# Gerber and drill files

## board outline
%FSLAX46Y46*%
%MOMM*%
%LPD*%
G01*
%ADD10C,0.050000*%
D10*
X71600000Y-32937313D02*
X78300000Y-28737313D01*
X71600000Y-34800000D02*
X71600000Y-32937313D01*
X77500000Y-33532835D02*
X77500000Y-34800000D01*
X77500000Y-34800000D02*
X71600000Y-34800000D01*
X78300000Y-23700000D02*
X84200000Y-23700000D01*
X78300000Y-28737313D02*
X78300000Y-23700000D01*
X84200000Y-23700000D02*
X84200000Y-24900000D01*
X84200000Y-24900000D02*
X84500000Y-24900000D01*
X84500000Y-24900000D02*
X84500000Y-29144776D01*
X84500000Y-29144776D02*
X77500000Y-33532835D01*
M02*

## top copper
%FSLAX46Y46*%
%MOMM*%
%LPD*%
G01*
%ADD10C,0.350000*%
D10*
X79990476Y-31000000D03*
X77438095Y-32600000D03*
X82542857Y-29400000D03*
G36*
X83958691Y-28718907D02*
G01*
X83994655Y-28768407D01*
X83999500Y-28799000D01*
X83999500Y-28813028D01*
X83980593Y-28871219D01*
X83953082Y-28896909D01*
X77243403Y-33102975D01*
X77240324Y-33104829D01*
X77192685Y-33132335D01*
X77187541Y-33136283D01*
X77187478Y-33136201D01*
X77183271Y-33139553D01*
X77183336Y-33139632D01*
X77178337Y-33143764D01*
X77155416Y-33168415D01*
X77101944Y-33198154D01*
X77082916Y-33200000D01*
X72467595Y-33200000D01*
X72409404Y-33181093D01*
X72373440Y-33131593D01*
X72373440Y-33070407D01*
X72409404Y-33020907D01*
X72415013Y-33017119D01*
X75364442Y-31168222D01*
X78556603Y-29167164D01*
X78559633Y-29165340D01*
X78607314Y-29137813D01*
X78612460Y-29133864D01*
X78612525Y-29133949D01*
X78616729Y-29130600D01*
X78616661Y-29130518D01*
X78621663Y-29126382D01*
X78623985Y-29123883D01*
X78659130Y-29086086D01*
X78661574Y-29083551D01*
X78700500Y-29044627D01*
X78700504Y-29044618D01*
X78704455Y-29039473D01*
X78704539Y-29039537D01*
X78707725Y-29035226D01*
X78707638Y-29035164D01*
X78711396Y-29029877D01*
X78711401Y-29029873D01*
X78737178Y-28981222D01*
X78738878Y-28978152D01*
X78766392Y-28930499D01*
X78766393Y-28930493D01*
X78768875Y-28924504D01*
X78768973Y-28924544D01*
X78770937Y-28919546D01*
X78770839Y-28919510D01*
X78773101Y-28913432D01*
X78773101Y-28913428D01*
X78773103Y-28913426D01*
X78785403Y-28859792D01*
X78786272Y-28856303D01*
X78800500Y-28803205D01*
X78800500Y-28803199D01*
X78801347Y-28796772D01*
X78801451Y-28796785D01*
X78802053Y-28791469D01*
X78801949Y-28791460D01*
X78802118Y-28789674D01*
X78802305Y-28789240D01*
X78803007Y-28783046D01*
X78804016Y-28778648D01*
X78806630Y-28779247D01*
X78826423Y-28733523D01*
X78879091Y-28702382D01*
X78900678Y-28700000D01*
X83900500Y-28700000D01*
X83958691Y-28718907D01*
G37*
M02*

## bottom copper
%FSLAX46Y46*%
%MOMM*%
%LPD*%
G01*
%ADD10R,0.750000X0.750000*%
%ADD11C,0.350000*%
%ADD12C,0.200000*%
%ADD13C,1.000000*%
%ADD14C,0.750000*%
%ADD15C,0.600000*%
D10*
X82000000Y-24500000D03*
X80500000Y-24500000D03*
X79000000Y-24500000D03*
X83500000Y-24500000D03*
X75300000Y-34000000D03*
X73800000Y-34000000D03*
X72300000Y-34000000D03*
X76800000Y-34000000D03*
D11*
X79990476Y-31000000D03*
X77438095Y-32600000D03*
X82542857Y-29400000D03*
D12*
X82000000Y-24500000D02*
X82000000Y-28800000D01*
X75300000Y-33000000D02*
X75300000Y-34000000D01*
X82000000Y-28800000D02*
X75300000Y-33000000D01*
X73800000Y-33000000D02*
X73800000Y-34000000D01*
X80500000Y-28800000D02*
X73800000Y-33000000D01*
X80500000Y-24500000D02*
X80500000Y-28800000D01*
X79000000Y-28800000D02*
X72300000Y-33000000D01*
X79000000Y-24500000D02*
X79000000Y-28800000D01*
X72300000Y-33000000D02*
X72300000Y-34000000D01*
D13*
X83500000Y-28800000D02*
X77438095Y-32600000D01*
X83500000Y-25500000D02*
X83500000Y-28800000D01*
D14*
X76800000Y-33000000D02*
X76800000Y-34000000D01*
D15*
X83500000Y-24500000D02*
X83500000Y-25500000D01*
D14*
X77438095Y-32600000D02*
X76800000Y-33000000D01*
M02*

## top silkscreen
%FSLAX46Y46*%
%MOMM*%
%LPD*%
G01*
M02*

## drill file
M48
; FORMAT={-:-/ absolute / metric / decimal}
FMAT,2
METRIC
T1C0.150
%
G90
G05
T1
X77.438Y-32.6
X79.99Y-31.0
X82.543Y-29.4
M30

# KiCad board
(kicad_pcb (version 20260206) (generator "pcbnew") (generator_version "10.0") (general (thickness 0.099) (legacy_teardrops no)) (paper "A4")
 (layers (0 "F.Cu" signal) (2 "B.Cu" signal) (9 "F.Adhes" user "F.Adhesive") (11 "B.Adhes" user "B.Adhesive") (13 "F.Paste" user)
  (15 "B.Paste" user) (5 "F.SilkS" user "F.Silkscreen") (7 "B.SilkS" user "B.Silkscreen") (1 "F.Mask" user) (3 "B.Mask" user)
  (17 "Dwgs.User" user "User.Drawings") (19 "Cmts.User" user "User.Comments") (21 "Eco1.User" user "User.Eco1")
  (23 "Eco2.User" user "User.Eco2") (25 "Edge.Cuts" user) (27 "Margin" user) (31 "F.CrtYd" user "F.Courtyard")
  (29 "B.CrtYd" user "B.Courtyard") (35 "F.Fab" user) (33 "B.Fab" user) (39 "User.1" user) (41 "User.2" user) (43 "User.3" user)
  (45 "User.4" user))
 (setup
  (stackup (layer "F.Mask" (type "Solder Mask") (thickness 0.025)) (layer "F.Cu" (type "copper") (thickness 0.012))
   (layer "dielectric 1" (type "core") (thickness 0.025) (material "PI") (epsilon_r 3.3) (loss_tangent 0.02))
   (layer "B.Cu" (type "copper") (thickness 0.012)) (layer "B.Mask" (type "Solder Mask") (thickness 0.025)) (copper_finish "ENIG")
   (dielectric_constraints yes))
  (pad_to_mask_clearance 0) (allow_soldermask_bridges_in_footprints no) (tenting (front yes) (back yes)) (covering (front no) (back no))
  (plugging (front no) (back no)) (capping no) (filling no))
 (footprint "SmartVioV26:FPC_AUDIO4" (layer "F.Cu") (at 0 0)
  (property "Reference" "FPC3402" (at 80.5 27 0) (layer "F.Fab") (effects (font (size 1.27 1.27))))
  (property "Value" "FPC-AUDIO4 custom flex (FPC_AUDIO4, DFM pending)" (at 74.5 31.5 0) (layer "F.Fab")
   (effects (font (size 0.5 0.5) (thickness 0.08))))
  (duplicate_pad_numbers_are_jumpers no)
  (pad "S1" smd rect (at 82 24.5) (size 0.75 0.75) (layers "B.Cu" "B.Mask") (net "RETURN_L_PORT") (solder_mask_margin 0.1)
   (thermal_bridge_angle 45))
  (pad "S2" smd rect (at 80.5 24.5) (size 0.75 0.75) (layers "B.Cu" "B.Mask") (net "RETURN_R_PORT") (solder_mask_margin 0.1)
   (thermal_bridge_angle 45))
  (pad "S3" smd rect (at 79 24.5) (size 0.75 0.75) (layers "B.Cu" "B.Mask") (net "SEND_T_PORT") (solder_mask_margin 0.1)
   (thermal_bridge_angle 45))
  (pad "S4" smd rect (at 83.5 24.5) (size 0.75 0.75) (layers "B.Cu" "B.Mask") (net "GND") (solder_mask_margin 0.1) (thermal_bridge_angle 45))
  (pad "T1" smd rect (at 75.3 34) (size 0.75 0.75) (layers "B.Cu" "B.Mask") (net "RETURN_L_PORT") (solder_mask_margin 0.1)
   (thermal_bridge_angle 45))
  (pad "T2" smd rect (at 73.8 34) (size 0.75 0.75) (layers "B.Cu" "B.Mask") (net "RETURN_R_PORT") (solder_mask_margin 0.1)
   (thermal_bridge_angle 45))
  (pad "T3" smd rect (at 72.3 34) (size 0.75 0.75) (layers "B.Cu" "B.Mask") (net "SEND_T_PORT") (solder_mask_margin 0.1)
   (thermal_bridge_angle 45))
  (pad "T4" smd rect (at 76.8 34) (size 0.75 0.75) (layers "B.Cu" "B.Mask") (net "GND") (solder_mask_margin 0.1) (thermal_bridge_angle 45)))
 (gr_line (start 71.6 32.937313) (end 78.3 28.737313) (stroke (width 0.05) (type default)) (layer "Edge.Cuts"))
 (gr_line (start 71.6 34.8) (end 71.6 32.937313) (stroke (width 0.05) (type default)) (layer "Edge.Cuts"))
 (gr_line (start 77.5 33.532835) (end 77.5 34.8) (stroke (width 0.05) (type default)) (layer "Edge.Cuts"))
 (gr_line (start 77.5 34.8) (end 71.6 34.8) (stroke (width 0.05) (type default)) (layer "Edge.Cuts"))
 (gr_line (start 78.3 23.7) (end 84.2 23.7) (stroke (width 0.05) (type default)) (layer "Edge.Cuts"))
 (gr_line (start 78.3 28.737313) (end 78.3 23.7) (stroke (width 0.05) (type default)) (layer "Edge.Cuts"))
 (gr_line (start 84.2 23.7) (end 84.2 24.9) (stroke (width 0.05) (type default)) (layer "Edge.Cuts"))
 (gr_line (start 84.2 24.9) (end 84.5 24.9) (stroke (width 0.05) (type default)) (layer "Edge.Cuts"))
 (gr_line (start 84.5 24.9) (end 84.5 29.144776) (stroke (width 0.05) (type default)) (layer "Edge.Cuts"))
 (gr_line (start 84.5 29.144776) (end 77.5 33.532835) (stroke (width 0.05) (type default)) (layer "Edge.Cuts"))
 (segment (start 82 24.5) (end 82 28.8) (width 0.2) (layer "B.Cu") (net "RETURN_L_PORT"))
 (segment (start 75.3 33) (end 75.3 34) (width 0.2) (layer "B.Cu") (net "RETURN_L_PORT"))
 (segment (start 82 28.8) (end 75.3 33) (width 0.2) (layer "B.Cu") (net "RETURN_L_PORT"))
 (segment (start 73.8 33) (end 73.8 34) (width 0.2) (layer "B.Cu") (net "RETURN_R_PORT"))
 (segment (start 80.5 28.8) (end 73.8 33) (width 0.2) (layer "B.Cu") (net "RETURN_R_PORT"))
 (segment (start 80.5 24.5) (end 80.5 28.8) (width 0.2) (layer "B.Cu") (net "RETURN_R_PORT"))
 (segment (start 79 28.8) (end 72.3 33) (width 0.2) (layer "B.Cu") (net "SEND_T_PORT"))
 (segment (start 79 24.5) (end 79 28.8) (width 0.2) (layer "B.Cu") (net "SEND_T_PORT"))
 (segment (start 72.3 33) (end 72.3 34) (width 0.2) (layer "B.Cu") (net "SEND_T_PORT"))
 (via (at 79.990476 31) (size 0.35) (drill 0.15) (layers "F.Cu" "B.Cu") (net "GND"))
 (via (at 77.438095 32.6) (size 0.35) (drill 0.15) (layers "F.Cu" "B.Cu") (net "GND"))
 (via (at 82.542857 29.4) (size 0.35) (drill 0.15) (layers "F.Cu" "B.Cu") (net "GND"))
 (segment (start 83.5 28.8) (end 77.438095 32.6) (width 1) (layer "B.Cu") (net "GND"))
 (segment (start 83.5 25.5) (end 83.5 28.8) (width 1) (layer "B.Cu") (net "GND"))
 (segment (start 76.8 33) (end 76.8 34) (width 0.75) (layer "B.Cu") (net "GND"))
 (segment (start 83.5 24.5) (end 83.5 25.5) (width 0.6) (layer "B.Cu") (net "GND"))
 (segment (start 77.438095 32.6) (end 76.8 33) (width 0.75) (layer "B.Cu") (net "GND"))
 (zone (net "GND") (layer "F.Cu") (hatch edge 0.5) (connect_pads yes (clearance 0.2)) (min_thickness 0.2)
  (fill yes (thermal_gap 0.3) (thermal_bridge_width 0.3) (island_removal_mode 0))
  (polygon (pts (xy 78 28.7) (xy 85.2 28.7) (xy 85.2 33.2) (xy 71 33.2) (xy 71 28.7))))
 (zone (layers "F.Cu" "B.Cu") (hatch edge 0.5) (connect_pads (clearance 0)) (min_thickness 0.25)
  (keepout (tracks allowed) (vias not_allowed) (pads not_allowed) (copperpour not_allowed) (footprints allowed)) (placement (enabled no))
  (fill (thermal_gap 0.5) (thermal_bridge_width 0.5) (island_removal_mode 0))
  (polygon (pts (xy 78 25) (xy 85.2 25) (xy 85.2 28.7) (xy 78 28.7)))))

...

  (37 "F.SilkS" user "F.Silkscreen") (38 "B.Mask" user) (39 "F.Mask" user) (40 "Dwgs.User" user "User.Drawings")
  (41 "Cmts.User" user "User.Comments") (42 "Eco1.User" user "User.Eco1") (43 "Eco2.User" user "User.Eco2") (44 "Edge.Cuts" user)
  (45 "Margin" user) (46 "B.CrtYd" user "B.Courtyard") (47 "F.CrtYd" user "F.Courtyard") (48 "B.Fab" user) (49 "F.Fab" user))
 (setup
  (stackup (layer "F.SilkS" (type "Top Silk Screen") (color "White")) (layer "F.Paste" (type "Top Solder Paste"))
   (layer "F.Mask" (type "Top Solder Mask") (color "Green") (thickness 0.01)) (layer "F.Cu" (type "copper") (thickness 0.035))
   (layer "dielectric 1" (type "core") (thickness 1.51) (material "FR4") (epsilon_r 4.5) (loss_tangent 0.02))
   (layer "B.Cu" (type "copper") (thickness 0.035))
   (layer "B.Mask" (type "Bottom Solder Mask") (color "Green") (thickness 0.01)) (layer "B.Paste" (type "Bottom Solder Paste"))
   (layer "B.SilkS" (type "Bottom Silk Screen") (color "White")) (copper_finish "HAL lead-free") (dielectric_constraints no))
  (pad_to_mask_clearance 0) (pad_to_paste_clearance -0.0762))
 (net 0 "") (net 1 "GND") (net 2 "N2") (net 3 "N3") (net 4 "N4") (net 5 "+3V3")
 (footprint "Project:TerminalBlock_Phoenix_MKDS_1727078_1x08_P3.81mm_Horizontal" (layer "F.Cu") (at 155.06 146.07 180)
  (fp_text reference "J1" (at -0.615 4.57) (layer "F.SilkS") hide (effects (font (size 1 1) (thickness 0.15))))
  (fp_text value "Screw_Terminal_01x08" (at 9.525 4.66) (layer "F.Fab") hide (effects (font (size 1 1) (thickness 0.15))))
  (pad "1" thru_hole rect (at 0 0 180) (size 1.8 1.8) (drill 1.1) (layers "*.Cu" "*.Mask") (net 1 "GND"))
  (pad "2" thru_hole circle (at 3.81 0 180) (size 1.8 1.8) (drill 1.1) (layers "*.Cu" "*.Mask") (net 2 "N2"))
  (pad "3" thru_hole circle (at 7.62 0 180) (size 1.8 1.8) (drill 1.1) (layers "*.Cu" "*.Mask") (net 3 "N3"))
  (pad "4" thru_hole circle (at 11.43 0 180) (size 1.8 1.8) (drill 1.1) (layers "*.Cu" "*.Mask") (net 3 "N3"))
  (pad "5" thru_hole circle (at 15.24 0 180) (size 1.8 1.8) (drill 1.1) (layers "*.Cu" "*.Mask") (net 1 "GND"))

Exercise directions: Taking the line with "(covering (front no) (back no))" as the first and the line with "(effects (font (size 0.5" as the last, retype that stretch of the data above exactly, with no other lines.

Task result:
  (pad_to_mask_clearance 0) (allow_soldermask_bridges_in_footprints no) (tenting (front yes) (back yes)) (covering (front no) (back no))
  (plugging (front no) (back no)) (capping no) (filling no))
 (footprint "SmartVioV26:FPC_AUDIO4" (layer "F.Cu") (at 0 0)
  (property "Reference" "FPC3402" (at 80.5 27 0) (layer "F.Fab") (effects (font (size 1.27 1.27))))
  (property "Value" "FPC-AUDIO4 custom flex (FPC_AUDIO4, DFM pending)" (at 74.5 31.5 0) (layer "F.Fab")
   (effects (font (size 0.5 0.5) (thickness 0.08))))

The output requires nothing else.